Prime95 was designed to take advantage of the then new Pentium based PC systems. The Pentium class of processor was a marked improvement over the 486 class. The following is a list of major performance enhancements.
- Superscalar architecture - The Pentium has two datapaths (pipelines) that allow it to complete two instructions per clock cycle in many cases. The main pipe (U) can handle any instruction, while the other (V) can handle the most common simple instructions. Some RISC proponents had argued that the "complicated" x86 instruction set would probably never be implemented by a tightly pipelined microarchitecture, much less by a dual pipeline design. The 486 and the Pentium demonstrated that this was indeed possible and feasible.
- 64-bit external databus doubles the amount of information possible to read or write on each memory access and therefore allows the Pentium to load its code cache faster than the 80486; it also allows faster access and storage of 64-bit and 80-bit x87 FPU data. Moving data into and out of the CPU is a major consideration for processing large numbers.

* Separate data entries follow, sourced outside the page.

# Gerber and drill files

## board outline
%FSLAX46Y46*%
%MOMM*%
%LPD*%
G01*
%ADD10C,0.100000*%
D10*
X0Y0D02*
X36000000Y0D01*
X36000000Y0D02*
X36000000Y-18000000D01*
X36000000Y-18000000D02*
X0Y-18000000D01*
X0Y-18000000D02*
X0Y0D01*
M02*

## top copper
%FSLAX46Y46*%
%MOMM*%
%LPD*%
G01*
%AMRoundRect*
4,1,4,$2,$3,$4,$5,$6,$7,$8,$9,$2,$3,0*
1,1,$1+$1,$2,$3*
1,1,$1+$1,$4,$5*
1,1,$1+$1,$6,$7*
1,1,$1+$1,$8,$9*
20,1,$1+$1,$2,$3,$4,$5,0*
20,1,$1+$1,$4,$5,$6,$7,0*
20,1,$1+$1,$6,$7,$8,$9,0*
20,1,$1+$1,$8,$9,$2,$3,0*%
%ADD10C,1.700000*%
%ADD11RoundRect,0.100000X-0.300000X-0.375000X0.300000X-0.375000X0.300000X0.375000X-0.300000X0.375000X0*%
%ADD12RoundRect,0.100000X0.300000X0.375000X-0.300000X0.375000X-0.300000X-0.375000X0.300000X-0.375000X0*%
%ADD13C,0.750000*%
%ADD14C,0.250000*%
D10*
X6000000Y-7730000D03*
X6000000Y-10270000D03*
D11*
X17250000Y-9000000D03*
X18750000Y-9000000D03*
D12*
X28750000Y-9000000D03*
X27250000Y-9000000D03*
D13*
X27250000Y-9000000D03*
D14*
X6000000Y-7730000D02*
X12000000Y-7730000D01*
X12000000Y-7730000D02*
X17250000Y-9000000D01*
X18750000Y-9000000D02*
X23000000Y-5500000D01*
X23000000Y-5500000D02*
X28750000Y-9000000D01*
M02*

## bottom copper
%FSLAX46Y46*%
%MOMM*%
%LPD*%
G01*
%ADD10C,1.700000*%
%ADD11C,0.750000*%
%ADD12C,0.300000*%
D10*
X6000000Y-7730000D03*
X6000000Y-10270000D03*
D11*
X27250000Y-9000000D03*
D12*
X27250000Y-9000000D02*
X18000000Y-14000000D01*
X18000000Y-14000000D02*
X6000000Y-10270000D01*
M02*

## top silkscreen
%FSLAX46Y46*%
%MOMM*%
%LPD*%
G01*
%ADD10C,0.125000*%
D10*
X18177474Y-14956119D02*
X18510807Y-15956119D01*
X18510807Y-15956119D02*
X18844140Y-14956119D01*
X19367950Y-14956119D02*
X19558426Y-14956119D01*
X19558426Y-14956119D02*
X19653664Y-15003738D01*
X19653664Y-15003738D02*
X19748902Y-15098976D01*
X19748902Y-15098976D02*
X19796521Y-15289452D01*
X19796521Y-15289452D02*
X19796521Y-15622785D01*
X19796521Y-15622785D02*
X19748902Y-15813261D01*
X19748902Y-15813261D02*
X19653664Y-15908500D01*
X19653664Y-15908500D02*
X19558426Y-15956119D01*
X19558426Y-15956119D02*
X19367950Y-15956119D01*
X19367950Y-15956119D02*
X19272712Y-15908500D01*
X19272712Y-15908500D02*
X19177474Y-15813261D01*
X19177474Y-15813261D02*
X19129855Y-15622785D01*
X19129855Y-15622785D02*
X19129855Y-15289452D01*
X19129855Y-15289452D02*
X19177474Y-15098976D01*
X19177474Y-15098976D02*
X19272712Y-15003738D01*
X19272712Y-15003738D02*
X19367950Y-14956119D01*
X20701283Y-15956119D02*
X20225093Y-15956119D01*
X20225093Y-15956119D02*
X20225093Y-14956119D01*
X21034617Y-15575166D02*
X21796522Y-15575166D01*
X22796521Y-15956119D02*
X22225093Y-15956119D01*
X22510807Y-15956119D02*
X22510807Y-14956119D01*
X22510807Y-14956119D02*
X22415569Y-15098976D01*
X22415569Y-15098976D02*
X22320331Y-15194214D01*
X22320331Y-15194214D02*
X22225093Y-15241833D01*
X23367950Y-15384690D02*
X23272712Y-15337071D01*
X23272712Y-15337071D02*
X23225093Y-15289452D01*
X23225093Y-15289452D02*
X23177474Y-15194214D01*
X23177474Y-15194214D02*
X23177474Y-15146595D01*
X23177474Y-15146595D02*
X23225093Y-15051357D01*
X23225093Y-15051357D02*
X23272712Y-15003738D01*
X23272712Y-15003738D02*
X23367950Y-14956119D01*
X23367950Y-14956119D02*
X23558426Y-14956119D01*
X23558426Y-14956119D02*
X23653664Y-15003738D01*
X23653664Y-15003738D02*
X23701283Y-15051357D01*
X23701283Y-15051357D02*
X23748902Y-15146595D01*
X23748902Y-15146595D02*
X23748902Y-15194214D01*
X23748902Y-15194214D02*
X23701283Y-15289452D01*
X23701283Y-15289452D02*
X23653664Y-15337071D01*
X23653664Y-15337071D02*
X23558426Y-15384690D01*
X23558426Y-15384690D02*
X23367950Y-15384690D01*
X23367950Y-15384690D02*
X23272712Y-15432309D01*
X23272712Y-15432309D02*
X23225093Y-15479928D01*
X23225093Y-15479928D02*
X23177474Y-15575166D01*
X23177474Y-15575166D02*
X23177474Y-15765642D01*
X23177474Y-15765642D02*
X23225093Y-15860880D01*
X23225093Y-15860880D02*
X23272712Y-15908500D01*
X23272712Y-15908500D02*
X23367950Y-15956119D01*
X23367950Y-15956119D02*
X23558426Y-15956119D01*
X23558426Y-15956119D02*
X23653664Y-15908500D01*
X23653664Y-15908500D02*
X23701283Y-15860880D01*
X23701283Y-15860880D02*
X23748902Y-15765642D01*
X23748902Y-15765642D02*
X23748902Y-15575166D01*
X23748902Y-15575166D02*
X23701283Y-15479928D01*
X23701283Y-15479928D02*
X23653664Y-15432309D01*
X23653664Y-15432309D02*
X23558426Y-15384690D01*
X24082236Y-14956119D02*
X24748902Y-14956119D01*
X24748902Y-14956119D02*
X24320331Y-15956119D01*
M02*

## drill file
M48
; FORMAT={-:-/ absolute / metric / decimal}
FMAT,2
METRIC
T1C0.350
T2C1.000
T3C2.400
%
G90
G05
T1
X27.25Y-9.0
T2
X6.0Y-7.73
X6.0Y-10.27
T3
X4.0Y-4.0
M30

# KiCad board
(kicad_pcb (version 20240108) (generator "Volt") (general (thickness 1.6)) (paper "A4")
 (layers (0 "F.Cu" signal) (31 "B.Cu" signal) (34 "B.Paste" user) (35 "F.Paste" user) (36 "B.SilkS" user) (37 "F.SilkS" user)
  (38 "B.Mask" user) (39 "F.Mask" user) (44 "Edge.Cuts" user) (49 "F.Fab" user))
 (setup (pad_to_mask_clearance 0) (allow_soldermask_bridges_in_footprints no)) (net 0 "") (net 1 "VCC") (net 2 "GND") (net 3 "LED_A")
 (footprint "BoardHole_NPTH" (layer "F.Cu") (at 4 4)
  (pad "" np_thru_hole circle (at 0 0) (size 2.4 2.4) (drill 2.4) (layers "*.Cu" "*.Mask")))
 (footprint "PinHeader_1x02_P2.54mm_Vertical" (layer "F.Cu") (at 6 9)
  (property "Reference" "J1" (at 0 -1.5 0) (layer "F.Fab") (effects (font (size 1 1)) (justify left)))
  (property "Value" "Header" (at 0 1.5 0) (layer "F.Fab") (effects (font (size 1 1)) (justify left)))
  (pad "1" thru_hole circle (at 0 -1.27) (size 1.7 1.7) (drill 1) (layers "*.Cu" "*.Mask") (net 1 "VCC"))
  (pad "2" thru_hole circle (at 0 1.27) (size 1.7 1.7) (drill 1) (layers "*.Cu" "*.Mask") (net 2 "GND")))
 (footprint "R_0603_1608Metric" (layer "F.Cu") (at 18 9)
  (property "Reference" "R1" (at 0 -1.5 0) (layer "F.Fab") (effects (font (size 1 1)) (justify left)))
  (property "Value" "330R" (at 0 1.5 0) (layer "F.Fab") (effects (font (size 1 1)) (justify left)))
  (pad "1" smd roundrect (at -0.75 0) (size 0.8 0.95) (layers "F.Cu" "F.Paste" "F.Mask") (roundrect_rratio 0.125) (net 1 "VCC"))
  (pad "2" smd roundrect (at 0.75 0) (size 0.8 0.95) (layers "F.Cu" "F.Paste" "F.Mask") (roundrect_rratio 0.125) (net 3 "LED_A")))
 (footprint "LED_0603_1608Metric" (layer "F.Cu") (at 28 9 180)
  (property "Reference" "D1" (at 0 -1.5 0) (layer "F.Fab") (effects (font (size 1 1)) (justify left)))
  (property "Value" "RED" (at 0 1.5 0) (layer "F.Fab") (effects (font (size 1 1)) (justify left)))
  (pad "1" smd roundrect (at -0.75 0 180) (size 0.8 0.95) (layers "F.Cu" "F.Paste" "F.Mask") (roundrect_rratio 0.125) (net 3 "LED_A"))
  (pad "2" smd roundrect (at 0.75 0 180) (size 0.8 0.95) (layers "F.Cu" "F.Paste" "F.Mask") (roundrect_rratio 0.125) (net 2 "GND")))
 (segment (start 6 7.73) (end 12 7.73) (width 0.25) (layer "F.Cu") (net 1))
 (segment (start 12 7.73) (end 17.25 9) (width 0.25) (layer "F.Cu") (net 1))
 (segment (start 18.75 9) (end 23 5.5) (width 0.25) (layer "F.Cu") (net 3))
 (segment (start 23 5.5) (end 28.75 9) (width 0.25) (layer "F.Cu") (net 3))
 (segment (start 27.25 9) (end 18 14) (width 0.3) (layer "B.Cu") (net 2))
 (segment (start 18 14) (end 6 10.27) (width 0.3) (layer "B.Cu") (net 2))
 (via (at 27.25 9) (size 0.75) (drill 0.35) (layers "F.Cu" "B.Cu") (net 2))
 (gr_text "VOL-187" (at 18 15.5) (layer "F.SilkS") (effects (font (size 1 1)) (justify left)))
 (gr_line (start 0 0) (end 36 0) (stroke (width 0.1) (type default)) (layer "Edge.Cuts"))
 (gr_line (start 36 0) (end 36 18) (stroke (width 0.1) (type default)) (layer "Edge.Cuts"))
 (gr_line (start 36 18) (end 0 18) (stroke (width 0.1) (type default)) (layer "Edge.Cuts"))
 (gr_line (start 0 18) (end 0 0) (stroke (width 0.1) (type default)) (layer "Edge.Cuts")))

- Much faster FPU. Some instructions showed an enormous improvement, most notably FMUL, with up to 15 times higher throughput than in the 80486 FPU. The Pentium is also able to execute a FXCH ST(x) instruction in parallel with an ordinary (arithmetical or load/store) FPU instruction. Since Prime95 uses the FPU very heavily, these improvements were important.
- A faster fully hardware-based multiplier makes instructions such as MUL and IMUL several times as fast (and more predictable) than in the 80486; the execution time is reduced from 13~42 clock cycles down to 10~11 for 32-bit operands.